BEGIN Material supplied

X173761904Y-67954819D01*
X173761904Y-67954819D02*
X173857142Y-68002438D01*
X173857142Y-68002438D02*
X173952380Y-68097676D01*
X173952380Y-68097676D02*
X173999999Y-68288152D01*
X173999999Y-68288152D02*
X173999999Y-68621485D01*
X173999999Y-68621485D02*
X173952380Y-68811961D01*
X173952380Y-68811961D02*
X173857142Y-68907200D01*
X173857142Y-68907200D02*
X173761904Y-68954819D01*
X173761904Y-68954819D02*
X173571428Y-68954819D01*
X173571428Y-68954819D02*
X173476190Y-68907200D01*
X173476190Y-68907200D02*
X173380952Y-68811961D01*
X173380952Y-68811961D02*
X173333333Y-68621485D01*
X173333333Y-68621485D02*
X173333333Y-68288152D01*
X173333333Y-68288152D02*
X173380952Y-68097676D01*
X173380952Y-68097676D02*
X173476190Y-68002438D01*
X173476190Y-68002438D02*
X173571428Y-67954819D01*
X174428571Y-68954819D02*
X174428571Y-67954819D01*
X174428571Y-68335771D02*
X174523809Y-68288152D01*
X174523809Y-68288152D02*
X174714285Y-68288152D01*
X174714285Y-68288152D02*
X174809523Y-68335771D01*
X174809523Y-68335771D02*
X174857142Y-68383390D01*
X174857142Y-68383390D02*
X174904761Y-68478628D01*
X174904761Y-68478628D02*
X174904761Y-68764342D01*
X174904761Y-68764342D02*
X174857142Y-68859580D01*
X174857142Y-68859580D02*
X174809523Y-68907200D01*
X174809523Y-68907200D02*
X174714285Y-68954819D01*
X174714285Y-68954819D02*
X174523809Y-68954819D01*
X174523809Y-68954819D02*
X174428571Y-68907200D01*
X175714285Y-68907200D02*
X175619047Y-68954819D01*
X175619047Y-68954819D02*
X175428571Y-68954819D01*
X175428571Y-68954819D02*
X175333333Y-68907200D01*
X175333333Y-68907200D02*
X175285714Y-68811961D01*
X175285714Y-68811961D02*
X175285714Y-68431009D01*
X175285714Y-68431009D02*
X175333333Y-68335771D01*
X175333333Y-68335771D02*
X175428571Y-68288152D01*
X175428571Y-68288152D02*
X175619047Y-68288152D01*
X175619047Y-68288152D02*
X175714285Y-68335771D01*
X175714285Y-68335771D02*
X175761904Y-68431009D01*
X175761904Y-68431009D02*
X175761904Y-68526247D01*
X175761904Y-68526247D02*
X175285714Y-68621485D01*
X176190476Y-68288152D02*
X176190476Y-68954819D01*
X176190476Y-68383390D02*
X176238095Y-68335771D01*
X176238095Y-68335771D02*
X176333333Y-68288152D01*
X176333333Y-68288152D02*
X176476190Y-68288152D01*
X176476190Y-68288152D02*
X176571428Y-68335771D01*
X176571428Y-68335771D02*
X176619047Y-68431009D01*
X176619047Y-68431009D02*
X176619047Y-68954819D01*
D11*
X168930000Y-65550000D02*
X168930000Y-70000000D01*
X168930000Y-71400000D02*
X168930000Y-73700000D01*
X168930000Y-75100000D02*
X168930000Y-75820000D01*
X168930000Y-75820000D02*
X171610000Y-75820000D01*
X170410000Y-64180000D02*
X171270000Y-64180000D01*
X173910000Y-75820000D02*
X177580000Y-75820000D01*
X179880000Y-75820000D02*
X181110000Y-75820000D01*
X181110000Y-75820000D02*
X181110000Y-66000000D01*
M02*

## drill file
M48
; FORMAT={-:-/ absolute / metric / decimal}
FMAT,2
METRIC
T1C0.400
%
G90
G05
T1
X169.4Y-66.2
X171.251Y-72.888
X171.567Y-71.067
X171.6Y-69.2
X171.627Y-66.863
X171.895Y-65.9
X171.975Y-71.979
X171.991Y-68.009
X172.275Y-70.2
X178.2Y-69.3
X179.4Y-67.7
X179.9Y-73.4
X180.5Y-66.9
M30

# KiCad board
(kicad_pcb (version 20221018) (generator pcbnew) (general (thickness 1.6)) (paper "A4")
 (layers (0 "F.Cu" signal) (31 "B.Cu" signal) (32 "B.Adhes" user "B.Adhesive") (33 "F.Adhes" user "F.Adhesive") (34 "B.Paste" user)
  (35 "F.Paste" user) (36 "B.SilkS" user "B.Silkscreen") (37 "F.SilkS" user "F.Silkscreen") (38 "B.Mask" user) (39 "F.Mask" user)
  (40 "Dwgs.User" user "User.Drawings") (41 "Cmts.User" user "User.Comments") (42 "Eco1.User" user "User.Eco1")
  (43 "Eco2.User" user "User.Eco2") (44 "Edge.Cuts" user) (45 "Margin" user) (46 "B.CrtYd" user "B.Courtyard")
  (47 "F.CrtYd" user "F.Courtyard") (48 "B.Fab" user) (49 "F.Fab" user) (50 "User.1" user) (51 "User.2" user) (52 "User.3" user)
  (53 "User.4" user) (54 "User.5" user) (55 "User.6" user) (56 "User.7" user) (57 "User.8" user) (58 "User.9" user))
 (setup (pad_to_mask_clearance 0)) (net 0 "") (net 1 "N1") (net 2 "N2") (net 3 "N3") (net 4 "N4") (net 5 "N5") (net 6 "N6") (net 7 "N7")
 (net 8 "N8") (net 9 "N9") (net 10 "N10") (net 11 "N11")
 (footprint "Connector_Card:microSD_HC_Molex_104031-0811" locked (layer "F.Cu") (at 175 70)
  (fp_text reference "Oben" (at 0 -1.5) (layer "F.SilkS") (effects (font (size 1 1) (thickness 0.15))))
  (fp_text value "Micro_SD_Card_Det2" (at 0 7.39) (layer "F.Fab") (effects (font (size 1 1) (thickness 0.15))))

END Material supplied

Of the entries listed above, reproduce only the lines starting at the line containing "X174857142Y-68383390D02*" and ending at the line containing "X175428571Y-68288152D02*". Include both, exactly as they stand.

[Result for this task]
X174857142Y-68383390D02*
X174904761Y-68478628D01*
X174904761Y-68478628D02*
X174904761Y-68764342D01*
X174904761Y-68764342D02*
X174857142Y-68859580D01*
X174857142Y-68859580D02*
X174809523Y-68907200D01*
X174809523Y-68907200D02*
X174714285Y-68954819D01*
X174714285Y-68954819D02*
X174523809Y-68954819D01*
X174523809Y-68954819D02*
X174428571Y-68907200D01*
X175714285Y-68907200D02*
X175619047Y-68954819D01*
X175619047Y-68954819D02*
X175428571Y-68954819D01*
X175428571Y-68954819D02*
X175333333Y-68907200D01*
X175333333Y-68907200D02*
X175285714Y-68811961D01*
X175285714Y-68811961D02*
X175285714Y-68431009D01*
X175285714Y-68431009D02*
X175333333Y-68335771D01*
X175333333Y-68335771D02*
X175428571Y-68288152D01*
X175428571Y-68288152D02*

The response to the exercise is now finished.